Comment demander l’e-Visa sans payer plus que nécessaire
- Vérifiez votre éligibilité. Votre nationalité, votre passeport, le motif et le point d’entrée envisagé doivent être compatibles avec l’e-Visa. Certains voyageurs, notamment les titulaires d’une carte OCI, n’ont pas besoin du même document.
- Choisissez la bonne durée. Comparez un visa de 30 jours à une formule d’un an ou de cinq ans en fonction de vos voyages réellement prévus.
- Préparez vos documents numériques. Il faut habituellement une copie lisible de la page d’identité du passeport et une photo récente répondant au format demandé. Selon la catégorie, d’autres pièces peuvent être requises.
- Déposez le dossier sur le portail officiel. Prenez le temps de relire chaque champ avant de payer, surtout votre identité, votre numéro de passeport, votre adresse e-mail et votre date d’arrivée estimée.
- Anticipez.
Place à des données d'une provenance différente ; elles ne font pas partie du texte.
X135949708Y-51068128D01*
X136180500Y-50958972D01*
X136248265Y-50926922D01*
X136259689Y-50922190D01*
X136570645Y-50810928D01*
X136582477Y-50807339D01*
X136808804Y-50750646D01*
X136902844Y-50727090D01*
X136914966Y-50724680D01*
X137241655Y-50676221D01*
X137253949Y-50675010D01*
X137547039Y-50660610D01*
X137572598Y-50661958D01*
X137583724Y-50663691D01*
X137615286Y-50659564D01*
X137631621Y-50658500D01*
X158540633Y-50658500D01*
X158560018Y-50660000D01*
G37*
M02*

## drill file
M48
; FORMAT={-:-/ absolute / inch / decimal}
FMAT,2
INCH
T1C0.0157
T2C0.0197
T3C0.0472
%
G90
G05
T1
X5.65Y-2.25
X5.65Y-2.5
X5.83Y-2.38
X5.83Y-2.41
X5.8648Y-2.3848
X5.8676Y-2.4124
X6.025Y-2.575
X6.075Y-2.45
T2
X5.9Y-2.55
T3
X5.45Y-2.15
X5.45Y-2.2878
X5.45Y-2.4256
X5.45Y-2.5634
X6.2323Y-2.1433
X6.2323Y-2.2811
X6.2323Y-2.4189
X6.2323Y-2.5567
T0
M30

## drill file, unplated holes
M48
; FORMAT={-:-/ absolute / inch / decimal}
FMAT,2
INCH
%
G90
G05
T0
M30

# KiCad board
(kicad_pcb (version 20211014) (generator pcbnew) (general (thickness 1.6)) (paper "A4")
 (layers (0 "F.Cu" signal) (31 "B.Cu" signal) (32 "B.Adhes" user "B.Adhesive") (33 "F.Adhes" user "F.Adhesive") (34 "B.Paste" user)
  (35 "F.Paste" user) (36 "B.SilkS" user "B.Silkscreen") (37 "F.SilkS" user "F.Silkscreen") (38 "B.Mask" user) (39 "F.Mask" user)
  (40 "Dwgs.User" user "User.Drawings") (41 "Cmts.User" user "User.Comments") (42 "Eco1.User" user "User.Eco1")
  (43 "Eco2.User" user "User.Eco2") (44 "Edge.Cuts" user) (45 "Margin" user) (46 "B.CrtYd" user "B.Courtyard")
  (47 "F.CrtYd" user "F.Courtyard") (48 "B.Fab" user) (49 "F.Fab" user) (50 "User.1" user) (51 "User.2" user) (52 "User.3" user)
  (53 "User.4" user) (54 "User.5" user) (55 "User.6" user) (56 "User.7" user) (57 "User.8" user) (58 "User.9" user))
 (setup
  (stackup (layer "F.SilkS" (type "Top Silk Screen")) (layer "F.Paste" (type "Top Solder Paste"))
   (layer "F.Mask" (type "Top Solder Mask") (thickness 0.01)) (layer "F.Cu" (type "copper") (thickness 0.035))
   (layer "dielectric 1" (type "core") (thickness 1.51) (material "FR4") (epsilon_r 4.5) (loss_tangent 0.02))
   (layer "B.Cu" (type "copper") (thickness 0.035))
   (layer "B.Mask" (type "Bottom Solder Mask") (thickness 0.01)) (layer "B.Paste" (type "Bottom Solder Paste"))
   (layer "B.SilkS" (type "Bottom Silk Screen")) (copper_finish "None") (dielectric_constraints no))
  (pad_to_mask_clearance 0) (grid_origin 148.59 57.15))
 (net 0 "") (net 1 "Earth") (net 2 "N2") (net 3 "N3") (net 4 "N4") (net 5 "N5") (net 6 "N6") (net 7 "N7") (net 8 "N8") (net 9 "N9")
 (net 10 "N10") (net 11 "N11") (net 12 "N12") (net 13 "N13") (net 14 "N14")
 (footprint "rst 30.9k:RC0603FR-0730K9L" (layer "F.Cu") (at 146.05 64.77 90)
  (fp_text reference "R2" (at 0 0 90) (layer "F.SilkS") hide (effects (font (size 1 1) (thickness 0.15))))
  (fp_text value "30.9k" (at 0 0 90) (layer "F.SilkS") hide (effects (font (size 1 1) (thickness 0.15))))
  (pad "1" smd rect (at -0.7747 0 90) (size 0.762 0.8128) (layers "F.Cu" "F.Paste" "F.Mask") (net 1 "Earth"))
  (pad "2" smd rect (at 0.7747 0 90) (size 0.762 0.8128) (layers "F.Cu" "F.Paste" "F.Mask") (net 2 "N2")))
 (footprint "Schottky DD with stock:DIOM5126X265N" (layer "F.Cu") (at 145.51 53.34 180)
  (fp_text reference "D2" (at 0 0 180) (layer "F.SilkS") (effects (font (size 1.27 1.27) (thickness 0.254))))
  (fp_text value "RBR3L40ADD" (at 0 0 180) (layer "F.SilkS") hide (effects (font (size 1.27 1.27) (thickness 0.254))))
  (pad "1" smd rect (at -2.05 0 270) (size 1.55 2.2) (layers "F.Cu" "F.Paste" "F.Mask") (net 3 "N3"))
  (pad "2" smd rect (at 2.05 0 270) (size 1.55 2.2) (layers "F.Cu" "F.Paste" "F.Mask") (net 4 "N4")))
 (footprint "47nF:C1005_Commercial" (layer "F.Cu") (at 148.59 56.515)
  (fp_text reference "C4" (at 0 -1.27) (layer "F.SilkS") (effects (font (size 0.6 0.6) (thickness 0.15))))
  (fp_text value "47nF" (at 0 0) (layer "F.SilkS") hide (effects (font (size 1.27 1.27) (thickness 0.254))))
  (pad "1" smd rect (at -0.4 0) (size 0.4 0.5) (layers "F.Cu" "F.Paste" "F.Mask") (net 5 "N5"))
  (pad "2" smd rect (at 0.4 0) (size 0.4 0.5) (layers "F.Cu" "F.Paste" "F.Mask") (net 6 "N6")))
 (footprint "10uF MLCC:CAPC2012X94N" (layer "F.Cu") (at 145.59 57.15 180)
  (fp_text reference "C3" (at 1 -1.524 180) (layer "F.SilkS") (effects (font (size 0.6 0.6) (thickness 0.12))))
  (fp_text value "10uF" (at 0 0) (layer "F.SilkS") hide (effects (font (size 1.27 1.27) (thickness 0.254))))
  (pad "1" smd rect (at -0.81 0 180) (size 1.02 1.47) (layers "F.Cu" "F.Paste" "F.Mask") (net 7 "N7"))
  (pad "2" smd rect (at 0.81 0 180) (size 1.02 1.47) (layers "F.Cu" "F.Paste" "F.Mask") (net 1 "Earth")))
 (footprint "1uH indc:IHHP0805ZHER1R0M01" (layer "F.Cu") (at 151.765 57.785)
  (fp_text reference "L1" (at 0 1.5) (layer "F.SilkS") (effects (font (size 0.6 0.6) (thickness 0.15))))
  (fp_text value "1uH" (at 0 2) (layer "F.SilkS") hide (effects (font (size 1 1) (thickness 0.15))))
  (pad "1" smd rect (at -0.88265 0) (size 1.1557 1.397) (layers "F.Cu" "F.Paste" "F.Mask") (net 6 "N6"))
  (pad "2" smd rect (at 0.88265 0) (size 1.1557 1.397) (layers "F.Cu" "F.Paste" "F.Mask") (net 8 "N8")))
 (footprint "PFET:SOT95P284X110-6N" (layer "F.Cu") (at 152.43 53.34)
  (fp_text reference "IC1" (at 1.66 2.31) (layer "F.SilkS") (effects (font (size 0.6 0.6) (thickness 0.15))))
Ne confondez pas la date de dépôt, la date de délivrance de l’autorisation électronique et la période d’entrée permise. Les délais et fenêtres de demande affichés par le site officiel prévalent.
- Imprimez l’autorisation accordée. Conservez également une version sur votre téléphone, ainsi que votre billet retour ou de continuation, vos réservations et les coordonnées de votre hébergement.
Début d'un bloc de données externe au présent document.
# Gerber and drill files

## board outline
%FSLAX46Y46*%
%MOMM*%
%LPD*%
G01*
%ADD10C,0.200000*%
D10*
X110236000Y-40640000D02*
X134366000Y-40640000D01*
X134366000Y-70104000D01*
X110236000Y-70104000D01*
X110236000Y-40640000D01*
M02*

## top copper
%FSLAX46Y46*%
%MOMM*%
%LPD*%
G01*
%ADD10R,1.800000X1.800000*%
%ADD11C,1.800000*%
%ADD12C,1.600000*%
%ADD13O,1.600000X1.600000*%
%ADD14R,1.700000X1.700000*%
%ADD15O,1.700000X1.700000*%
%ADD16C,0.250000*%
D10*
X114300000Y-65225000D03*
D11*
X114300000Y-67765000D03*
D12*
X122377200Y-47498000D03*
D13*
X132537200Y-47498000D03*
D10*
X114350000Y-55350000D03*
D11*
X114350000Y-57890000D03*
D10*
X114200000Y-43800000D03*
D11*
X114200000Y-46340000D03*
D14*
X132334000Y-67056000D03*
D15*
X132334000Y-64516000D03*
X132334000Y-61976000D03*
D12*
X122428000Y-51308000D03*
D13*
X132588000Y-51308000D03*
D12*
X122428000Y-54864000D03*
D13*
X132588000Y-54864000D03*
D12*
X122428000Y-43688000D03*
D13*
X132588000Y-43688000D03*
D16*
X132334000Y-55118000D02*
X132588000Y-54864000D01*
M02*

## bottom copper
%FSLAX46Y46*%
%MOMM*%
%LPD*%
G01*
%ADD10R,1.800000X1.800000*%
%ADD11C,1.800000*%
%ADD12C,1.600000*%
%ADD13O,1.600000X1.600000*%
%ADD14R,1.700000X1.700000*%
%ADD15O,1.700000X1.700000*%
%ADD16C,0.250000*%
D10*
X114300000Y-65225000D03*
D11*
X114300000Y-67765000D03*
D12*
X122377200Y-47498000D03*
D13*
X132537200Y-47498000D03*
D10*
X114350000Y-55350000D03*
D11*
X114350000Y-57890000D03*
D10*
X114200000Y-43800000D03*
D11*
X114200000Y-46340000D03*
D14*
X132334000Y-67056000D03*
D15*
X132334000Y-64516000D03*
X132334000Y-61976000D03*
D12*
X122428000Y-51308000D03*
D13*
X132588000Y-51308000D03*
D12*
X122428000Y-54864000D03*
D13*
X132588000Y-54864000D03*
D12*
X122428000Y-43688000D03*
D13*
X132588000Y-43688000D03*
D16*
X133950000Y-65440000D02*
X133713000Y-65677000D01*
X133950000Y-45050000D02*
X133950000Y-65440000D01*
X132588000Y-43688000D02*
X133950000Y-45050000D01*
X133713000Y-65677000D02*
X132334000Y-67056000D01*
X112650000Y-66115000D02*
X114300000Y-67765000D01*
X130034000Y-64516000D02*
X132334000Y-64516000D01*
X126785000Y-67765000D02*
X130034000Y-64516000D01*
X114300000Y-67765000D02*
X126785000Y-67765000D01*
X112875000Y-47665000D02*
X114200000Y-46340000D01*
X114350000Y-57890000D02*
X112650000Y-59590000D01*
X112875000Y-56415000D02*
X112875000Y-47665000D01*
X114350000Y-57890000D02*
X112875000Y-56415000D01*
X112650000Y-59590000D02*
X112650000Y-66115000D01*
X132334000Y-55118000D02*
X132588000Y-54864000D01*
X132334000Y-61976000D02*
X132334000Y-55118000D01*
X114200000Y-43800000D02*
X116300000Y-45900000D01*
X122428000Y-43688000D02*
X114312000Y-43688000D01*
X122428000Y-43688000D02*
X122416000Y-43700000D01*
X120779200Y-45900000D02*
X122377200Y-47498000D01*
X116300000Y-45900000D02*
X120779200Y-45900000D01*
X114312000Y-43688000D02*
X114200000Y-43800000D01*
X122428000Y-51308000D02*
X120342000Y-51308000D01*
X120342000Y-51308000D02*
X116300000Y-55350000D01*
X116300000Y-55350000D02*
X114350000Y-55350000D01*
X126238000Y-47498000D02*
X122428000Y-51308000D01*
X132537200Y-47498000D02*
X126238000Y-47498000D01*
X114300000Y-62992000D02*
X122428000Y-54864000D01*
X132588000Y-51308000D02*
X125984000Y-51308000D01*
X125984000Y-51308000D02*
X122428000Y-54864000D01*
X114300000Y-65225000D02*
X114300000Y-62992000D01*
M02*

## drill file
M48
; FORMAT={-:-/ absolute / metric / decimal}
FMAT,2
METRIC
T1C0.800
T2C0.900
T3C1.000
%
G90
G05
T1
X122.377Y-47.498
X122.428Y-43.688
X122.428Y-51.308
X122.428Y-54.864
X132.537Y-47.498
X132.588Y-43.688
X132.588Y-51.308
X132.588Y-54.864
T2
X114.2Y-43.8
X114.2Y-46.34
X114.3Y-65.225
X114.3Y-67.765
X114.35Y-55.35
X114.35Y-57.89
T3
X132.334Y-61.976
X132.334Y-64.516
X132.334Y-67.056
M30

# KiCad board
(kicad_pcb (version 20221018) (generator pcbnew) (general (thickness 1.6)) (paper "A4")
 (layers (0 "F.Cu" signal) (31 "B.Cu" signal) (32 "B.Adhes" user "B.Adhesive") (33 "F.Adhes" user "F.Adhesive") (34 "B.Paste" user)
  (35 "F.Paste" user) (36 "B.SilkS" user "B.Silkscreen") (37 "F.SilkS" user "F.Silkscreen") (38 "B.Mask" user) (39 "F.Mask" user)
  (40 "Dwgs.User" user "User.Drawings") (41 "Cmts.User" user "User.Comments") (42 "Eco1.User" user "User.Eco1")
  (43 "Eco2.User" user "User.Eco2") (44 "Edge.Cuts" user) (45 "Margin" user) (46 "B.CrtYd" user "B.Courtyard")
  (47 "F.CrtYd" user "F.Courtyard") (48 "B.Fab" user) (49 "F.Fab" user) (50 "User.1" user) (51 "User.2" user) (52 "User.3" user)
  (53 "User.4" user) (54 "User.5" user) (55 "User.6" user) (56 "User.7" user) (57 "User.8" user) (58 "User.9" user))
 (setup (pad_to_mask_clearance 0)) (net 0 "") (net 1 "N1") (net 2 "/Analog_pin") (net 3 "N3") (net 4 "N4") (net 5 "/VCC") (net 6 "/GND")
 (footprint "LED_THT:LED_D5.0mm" (layer "F.Cu") (at 114.3 65.225 -90)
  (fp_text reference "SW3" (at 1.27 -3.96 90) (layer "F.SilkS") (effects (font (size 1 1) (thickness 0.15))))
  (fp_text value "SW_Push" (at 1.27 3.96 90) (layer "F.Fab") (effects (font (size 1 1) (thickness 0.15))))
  (pad "1" thru_hole rect (at 0 0 270) (size 1.8 1.8) (drill 0.9) (layers "*.Cu" "*.Mask") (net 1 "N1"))
  (pad "2" thru_hole circle (at 2.54 0 270) (size 1.8 1.8) (drill 0.9) (layers "*.Cu" "*.Mask") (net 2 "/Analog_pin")))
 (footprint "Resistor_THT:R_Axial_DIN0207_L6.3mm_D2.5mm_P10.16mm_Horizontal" (layer "F.Cu") (at 122.3772 47.498)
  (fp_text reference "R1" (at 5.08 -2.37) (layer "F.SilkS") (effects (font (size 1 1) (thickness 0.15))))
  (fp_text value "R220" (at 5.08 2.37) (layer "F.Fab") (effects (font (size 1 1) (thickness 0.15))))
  (pad "1" thru_hole circle (at 0 0) (size 1.6 1.6) (drill 0.8) (layers "*.Cu" "*.Mask") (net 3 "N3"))
  (pad "2" thru_hole oval (at 10.16 0) (size 1.6 1.6) (drill 0.8) (layers "*.Cu" "*.Mask") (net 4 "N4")))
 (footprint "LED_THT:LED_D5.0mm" (layer "F.Cu") (at 114.35 55.35 -90)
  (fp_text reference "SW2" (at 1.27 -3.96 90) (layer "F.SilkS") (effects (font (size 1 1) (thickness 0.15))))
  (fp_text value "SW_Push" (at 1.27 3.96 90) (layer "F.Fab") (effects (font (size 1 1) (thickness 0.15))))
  (pad "1" thru_hole rect (at 0 0 270) (size 1.8 1.8) (drill 0.9) (layers "*.Cu" "*.Mask") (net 4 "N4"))
  (pad "2" thru_hole circle (at 2.54 0 270) (size 1.8 1.8) (drill 0.9) (layers "*.Cu" "*.Mask") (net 2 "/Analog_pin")))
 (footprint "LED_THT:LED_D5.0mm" (layer "F.Cu") (at 114.2 43.8 -90)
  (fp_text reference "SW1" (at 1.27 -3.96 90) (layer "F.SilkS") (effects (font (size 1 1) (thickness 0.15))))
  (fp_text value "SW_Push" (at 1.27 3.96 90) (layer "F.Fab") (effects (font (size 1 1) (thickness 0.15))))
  (pad "1" thru_hole rect (at 0 0 270) (size 1.8 1.8) (drill 0.9) (layers "*.Cu" "*.Mask") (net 3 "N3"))
  (pad "2" thru_hole circle (at 2.54 0 270) (size 1.8 1.8) (drill 0.9) (layers "*.Cu" "*.Mask") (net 2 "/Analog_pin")))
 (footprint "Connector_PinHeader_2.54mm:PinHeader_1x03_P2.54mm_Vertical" (layer "F.Cu") (at 132.334 67.056 180)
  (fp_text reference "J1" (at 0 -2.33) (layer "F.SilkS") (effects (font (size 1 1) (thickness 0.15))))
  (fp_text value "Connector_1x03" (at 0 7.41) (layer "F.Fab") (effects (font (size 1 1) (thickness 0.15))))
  (pad "1" thru_hole rect (at 0 0 180) (size 1.7 1.7) (drill 1) (layers "*.Cu" "*.Mask") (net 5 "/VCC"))
  (pad "2" thru_hole oval (at 0 2.54 180) (size 1.7 1.7) (drill 1) (layers "*.Cu" "*.Mask") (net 2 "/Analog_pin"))
  (pad "3" thru_hole oval (at 0 5.08 180) (size 1.7 1.7) (drill 1) (layers "*.Cu" "*.Mask") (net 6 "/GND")))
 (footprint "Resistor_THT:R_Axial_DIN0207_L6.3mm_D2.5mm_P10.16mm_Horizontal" (layer "F.Cu") (at 122.428 51.308)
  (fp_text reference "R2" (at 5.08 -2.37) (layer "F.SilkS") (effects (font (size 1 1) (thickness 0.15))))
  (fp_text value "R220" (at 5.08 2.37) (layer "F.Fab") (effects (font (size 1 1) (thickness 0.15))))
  (pad "1" thru_hole circle (at 0 0) (size 1.6 1.6) (drill 0.8) (layers "*.Cu" "*.Mask") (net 4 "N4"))
  (pad "2" thru_hole oval (at 10.16 0) (size 1.6 1.6) (drill 0.8) (layers "*.Cu" "*.Mask") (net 1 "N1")))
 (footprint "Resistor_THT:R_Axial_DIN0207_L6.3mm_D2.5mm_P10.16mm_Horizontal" (layer "F.Cu") (at 122.428 54.864)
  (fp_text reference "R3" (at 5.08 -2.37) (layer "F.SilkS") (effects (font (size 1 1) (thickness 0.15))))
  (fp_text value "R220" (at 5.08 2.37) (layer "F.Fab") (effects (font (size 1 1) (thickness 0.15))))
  (pad "1" thru_hole circle (at 0 0) (size 1.6 1.6) (drill 0.8) (layers "*.Cu" "*.Mask") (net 1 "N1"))
  (pad "2" thru_hole oval (at 10.16 0) (size 1.6 1.6) (drill 0.8) (layers "*.Cu" "*.Mask") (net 6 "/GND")))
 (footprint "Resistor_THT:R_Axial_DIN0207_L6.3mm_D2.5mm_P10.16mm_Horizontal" (layer "F.Cu") (at 122.428 43.688)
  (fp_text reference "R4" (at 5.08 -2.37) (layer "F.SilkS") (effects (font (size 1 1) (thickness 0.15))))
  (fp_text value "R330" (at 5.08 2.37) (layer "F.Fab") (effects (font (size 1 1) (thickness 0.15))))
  (pad "1" thru_hole circle (at 0 0) (size 1.6 1.6) (drill 0.8) (layers "*.Cu" "*.Mask") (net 3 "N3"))
  (pad "2" thru_hole oval (at 10.16 0) (size 1.6 1.6) (drill 0.8) (layers "*.Cu" "*.Mask") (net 5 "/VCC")))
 (gr_rect (start 110.236 40.64) (end 134.366 70.104) (stroke (width 0.2) (type default)) (fill none) (layer "Edge.Cuts"))
 (segment (start 133.95 65.44) (end 133.713 65.677) (width 0.25) (layer "B.Cu") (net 5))
 (segment (start 133.95 45.05) (end 133.95 65.44) (width 0.25) (layer "B.Cu") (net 5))
 (segment (start 132.588 43.688) (end 133.95 45.05) (width 0.25) (layer "B.Cu") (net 5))
 (segment (start 133.713 65.677) (end 132.334 67.056) (width 0.25) (layer "B.Cu") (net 5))
 (segment (start 112.65 66.115) (end 114.3 67.765) (width 0.25) (layer "B.Cu") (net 2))
 (segment (start 130.034 64.516) (end 132.334 64.516) (width 0.25) (layer "B.Cu") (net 2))
 (segment (start 126.785 67.765) (end 130.034 64.516) (width 0.25) (layer "B.Cu") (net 2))
 (segment (start 114.3 67.765) (end 126.785 67.765) (width 0.25) (layer "B.Cu") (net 2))
 (segment (start 112.875 47.665) (end 114.2 46.34) (width 0.25) (layer "B.Cu") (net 2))
 (segment (start 114.35 57.89) (end 112.65 59.59) (width 0.25) (layer "B.Cu") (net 2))
 (segment (start 112.875 56.415) (end 112.875 47.665) (width 0.25) (layer "B.Cu") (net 2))
 (segment (start 114.35 57.89) (end 112.875 56.415) (width 0.25) (layer "B.Cu") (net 2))
 (segment (start 112.65 59.59) (end 112.65 66.115) (width 0.25) (layer "B.Cu") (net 2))
 (segment (start 132.334 55.118) (end 132.588 54.864) (width 0.25) (layer "F.Cu") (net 6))
 (segment (start 132.334 55.118) (end 132.588 54.864) (width 0.25) (layer "B.Cu") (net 6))
 (segment (start 132.334 61.976) (end 132.334 55.118) (width 0.25) (layer "B.Cu") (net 6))
 (segment (start 114.2 43.8) (end 116.3 45.9) (width 0.25) (layer "B.Cu") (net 3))
 (segment (start 122.428 43.688) (end 114.312 43.688) (width 0.25) (layer "B.Cu") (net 3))
 (segment (start 122.428 43.688) (end 122.416 43.7) (width 0.25) (layer "B.Cu") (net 3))
 (segment (start 120.7792 45.9) (end 122.3772 47.498) (width 0.25) (layer "B.Cu") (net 3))
 (segment (start 116.3 45.9) (end 120.7792 45.9) (width 0.25) (layer "B.Cu") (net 3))
 (segment (start 114.312 43.688) (end 114.2 43.8) (width 0.25) (layer "B.Cu") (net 3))
 (segment (start 122.428 51.308) (end 120.342 51.308) (width 0.25) (layer "B.Cu") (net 4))
 (segment (start 120.342 51.308) (end 116.3 55.35) (width 0.25) (layer "B.Cu") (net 4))
 (segment (start 116.3 55.35) (end 114.35 55.35) (width 0.25) (layer "B.Cu") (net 4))
 (segment (start 126.238 47.498) (end 122.428 51.308) (width 0.25) (layer "B.Cu") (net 4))
 (segment (start 132.5372 47.498) (end 126.238 47.498) (width 0.25) (layer "B.Cu") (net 4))
 (segment (start 114.3 62.992) (end 122.428 54.864) (width 0.25) (layer "B.Cu") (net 1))
 (segment (start 132.588 51.308) (end 125.984 51.308) (width 0.25) (layer "B.Cu") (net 1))
 (segment (start 125.984 51.308) (end 122.428 54.864) (width 0.25) (layer "B.Cu") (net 1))
 (segment (start 114.3 65.225) (end 114.3 62.992) (width 0.25) (layer "B.Cu") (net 1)))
Conditions d’entrée : le prix du visa ne suffit pas
Obtenir une autorisation électronique ne signifie pas que tout le reste est facultatif. Pour un voyage depuis la France, vérifiez que votre passeport dispose généralement d’une validité d’au moins six mois à compter de l’arrivée et de pages vierges suffisantes, selon les exigences en vigueur. Contrôlez aussi les aéroports et ports autorisés pour l’arrivée avec un e-Visa : tous les points de passage terrestres ne fonctionnent pas nécessairement avec cette formule.
Les règles sanitaires, sécuritaires et d’immigration peuvent évoluer. Avant de réserver un itinéraire incluant une frontière terrestre, le Ladakh, le Sikkim, les îles Andaman-et-Nicobar ou d’autres zones soumises à des formalités particulières, vérifiez si un permis supplémentaire est nécessaire. Ce permis n’est pas toujours compris dans le coût du visa.
Petit budget : combien prévoir au total avant de partir ?
Pour une Française effectuant seule une demande touristique en ligne, prévoyez le tarif de l’e-Visa converti en euros, augmenté de quelques euros de frais de transaction éventuels. Pour un voyage ponctuel, cela représente souvent un poste de dépense modéré. En revanche, le total peut monter rapidement si vous ajoutez un intermédiaire, une expédition de documents pour un visa classique, un éventuel permis régional ou une assurance voyage.
Gardez aussi en tête que le visa est un coût distinct du vol, des taxes aériennes, de l’assurance, des vaccins éventuellement recommandés après avis médical et de votre budget sur place. Une ligne « formalités » dans votre tableau de préparation évite les dépenses oubliées.
⚠️ Attention aux faux services officiels
Ne communiquez jamais les données de votre passeport ou votre carte bancaire à un site dont l’identité vous semble floue. Vérifiez l’URL, les mentions légales et le détail des frais avant validation. Pour l’e-Visa, privilégiez le domaine gouvernemental indien ; pour un visa papier, passez par le site de l’ambassade ou du prestataire officiellement désigné.
En pratique : pour un séjour touristique classique, commencez par contrôler le barème de l’e-Visa officiel, sélectionnez la durée la plus cohérente avec vos projets et déposez vous-même un dossier soigneusement relu. Vous paierez ainsi le juste prix, tout en gardant votre énergie pour la partie la plus agréable : imaginer votre itinéraire indien.